__What the task asks__
Look in the material below for the line holding "X92780952Y-61304819D01*". Set it down exactly, with each later line up to and including the line holding "X93114285Y-61781009D01*".

__Source data__
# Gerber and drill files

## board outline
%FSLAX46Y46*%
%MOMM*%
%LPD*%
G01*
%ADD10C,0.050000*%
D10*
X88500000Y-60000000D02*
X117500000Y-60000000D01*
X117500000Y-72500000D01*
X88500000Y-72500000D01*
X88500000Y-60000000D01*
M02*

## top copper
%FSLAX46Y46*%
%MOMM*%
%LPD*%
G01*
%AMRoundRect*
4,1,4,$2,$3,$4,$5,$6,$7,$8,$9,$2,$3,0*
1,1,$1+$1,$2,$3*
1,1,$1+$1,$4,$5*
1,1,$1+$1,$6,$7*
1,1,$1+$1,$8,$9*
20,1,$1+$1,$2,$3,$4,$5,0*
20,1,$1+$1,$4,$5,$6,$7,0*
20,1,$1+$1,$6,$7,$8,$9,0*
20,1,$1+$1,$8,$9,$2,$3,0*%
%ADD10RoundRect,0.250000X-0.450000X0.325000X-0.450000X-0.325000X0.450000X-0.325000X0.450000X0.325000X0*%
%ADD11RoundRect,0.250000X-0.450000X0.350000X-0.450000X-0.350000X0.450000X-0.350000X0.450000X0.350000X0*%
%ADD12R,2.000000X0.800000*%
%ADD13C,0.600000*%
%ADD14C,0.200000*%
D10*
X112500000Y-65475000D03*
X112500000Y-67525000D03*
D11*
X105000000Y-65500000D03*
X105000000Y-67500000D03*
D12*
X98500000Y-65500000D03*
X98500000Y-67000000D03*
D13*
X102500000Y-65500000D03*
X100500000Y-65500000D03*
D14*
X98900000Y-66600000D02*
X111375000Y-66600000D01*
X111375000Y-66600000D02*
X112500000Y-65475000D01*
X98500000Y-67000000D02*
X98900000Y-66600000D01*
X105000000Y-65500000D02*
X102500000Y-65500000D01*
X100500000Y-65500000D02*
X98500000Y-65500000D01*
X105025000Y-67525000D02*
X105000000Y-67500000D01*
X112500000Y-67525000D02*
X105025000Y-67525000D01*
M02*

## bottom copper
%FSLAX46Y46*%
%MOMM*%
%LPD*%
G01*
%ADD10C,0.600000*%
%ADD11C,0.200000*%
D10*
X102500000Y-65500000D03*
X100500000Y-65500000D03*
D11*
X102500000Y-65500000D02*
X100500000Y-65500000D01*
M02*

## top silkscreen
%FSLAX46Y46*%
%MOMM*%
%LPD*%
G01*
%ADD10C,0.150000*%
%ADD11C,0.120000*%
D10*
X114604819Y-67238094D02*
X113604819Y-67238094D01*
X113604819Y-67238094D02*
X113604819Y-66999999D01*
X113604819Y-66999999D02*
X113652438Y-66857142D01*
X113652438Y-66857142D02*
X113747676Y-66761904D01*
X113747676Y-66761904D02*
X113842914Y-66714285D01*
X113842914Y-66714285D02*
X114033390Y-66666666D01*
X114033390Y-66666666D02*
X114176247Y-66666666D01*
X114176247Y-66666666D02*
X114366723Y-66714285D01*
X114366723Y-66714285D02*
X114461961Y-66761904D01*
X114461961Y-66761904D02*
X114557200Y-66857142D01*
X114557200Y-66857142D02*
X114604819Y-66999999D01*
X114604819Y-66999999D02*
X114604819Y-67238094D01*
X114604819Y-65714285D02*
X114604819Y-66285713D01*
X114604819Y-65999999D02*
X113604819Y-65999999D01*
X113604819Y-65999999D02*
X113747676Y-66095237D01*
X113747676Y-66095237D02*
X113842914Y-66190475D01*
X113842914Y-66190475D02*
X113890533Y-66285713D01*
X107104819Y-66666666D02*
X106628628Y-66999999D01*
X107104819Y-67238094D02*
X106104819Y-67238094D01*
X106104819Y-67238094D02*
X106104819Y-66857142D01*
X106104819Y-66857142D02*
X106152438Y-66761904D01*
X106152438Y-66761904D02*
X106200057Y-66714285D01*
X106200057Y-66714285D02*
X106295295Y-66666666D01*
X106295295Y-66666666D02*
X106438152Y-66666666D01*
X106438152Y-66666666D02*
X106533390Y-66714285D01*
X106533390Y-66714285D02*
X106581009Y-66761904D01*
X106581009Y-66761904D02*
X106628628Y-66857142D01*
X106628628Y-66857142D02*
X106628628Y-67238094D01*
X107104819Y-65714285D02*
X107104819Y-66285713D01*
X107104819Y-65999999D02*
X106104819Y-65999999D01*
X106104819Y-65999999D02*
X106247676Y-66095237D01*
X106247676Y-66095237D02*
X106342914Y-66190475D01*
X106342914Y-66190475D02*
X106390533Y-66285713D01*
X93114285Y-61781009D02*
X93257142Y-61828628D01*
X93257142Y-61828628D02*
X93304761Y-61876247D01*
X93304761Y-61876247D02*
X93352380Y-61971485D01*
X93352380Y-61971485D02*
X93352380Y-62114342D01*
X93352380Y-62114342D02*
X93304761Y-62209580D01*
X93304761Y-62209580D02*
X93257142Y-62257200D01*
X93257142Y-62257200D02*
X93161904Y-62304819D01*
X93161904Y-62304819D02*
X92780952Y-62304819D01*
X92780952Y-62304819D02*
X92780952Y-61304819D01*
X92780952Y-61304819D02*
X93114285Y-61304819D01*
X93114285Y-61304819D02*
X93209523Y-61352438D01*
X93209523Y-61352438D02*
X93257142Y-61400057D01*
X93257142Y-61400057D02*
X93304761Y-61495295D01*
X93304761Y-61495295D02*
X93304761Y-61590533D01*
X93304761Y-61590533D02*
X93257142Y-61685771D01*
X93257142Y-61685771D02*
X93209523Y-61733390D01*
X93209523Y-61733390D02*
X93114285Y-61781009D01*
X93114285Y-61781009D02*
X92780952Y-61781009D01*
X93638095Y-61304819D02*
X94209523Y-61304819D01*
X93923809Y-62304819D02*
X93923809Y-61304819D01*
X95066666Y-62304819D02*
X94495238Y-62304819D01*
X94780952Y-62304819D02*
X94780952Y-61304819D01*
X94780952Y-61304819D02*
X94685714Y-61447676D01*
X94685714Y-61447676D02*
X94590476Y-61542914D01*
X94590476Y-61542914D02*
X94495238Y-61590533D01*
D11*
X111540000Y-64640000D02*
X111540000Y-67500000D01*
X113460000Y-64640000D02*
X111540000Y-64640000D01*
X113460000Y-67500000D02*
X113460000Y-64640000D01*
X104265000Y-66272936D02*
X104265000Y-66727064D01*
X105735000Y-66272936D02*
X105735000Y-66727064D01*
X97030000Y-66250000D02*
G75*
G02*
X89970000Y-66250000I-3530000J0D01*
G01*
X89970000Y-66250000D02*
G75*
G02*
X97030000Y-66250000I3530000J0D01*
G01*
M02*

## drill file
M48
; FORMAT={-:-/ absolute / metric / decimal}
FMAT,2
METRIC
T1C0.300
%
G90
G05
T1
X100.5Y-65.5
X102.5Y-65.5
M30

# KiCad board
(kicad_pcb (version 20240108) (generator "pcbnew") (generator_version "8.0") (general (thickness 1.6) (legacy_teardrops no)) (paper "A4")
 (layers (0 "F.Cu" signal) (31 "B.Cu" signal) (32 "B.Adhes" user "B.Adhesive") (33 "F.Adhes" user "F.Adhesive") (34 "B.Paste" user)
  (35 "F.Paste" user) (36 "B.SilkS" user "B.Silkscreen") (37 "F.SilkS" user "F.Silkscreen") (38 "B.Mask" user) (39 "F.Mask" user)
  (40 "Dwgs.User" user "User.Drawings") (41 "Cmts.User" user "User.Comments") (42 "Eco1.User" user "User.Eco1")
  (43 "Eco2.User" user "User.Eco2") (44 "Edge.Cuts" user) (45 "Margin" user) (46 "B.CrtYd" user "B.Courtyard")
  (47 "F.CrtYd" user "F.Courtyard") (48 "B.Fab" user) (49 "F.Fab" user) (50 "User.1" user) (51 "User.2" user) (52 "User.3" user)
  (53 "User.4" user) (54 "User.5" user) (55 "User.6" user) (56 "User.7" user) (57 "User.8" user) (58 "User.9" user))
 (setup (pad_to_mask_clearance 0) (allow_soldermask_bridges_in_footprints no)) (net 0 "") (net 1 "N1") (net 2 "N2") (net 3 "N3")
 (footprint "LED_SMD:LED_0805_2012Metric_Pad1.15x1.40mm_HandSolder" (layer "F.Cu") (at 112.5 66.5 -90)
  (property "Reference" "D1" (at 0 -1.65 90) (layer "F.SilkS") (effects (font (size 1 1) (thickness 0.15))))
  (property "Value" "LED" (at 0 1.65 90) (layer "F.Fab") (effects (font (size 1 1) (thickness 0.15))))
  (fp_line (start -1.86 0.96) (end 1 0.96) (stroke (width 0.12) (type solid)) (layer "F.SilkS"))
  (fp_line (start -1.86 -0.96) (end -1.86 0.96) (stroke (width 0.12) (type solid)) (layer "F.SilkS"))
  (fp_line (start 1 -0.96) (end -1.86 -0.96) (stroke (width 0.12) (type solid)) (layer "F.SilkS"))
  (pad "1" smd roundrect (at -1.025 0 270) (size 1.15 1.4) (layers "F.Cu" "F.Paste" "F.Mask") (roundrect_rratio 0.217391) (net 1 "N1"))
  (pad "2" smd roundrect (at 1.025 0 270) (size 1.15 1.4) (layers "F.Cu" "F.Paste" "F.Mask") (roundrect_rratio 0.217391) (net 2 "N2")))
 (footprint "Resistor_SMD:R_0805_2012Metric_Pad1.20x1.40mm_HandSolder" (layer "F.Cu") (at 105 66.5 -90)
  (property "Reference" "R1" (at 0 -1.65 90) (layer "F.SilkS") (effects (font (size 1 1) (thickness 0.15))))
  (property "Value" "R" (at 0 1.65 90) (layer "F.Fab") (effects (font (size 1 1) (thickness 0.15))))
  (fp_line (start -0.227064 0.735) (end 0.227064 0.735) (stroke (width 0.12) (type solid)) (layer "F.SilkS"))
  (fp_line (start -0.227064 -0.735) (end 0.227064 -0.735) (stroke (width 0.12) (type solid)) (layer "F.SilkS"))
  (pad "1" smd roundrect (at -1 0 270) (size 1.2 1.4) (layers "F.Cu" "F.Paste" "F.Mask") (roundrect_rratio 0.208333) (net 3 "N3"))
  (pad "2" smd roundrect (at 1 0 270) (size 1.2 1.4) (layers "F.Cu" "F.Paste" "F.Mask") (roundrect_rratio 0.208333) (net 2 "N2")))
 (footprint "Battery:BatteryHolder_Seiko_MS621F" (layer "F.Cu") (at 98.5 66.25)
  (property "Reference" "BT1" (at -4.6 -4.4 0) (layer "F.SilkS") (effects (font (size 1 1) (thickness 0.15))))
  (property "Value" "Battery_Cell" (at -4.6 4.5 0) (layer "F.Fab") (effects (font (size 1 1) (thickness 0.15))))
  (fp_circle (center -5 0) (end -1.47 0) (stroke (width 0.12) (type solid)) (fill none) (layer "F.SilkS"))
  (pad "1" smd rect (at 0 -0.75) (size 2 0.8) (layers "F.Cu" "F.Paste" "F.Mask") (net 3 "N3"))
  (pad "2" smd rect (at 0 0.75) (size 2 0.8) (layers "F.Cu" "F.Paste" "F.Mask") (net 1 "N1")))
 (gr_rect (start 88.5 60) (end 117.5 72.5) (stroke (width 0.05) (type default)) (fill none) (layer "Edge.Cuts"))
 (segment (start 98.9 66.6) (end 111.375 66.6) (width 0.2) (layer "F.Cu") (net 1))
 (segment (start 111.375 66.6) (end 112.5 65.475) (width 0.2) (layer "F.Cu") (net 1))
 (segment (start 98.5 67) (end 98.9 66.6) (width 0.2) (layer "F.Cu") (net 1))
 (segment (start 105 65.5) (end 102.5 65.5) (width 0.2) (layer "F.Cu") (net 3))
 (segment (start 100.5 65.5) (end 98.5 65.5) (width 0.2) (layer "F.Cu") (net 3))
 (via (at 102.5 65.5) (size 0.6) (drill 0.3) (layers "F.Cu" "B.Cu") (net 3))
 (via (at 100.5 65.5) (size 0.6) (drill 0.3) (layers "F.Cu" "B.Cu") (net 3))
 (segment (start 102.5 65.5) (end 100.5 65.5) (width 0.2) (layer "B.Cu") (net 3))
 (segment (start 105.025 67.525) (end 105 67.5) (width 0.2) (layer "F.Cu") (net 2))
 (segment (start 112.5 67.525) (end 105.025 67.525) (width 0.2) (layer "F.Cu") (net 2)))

==

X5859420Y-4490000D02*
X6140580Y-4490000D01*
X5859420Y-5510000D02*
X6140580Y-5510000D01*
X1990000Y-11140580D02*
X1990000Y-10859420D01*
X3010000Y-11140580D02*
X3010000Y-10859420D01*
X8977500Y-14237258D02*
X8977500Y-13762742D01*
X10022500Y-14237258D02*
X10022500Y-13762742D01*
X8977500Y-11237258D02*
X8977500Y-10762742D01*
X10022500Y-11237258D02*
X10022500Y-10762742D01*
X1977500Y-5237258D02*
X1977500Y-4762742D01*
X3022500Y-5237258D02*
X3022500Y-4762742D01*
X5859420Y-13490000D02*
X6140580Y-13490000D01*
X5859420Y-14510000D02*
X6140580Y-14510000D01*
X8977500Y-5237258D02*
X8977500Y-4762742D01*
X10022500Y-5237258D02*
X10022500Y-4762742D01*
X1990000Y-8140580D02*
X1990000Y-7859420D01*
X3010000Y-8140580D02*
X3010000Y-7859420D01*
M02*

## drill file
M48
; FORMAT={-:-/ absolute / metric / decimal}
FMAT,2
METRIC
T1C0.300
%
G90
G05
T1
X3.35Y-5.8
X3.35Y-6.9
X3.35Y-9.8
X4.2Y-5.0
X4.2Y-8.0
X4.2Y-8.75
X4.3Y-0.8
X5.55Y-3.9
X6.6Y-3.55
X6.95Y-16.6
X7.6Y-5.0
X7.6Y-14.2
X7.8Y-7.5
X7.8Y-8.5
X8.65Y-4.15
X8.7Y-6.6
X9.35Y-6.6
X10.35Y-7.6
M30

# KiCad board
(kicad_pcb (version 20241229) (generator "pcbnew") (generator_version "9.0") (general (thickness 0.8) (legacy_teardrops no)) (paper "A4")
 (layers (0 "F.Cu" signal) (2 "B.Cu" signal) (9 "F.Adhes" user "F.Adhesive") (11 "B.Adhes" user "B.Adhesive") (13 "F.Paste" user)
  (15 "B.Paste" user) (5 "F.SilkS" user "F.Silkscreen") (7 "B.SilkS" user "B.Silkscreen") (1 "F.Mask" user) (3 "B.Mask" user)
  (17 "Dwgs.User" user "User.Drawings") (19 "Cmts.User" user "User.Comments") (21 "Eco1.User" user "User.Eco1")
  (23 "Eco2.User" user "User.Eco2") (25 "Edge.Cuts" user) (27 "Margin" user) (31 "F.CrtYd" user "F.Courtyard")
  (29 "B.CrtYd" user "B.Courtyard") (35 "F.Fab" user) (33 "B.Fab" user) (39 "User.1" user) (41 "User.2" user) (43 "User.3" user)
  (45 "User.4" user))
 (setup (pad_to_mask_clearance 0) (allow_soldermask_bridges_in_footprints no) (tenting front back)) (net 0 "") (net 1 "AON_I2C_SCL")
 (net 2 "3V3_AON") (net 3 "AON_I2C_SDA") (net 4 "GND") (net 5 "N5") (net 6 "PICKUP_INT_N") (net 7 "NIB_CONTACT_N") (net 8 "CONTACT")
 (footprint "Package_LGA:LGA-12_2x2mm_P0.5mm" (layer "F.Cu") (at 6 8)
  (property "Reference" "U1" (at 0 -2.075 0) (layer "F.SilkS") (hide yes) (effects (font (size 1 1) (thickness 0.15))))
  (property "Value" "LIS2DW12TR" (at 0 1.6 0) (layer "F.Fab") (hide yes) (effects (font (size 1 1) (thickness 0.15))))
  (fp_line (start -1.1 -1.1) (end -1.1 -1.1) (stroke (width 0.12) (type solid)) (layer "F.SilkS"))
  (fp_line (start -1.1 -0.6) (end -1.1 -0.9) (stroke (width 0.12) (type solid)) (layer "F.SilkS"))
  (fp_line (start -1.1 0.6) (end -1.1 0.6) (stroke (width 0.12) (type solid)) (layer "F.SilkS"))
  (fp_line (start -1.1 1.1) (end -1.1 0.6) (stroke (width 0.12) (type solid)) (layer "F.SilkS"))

__Response area__
X92780952Y-61304819D01*
X92780952Y-61304819D02*
X93114285Y-61304819D01*
X93114285Y-61304819D02*
X93209523Y-61352438D01*
X93209523Y-61352438D02*
X93257142Y-61400057D01*
X93257142Y-61400057D02*
X93304761Y-61495295D01*
X93304761Y-61495295D02*
X93304761Y-61590533D01*
X93304761Y-61590533D02*
X93257142Y-61685771D01*
X93257142Y-61685771D02*
X93209523Y-61733390D01*
X93209523Y-61733390D02*
X93114285Y-61781009D01*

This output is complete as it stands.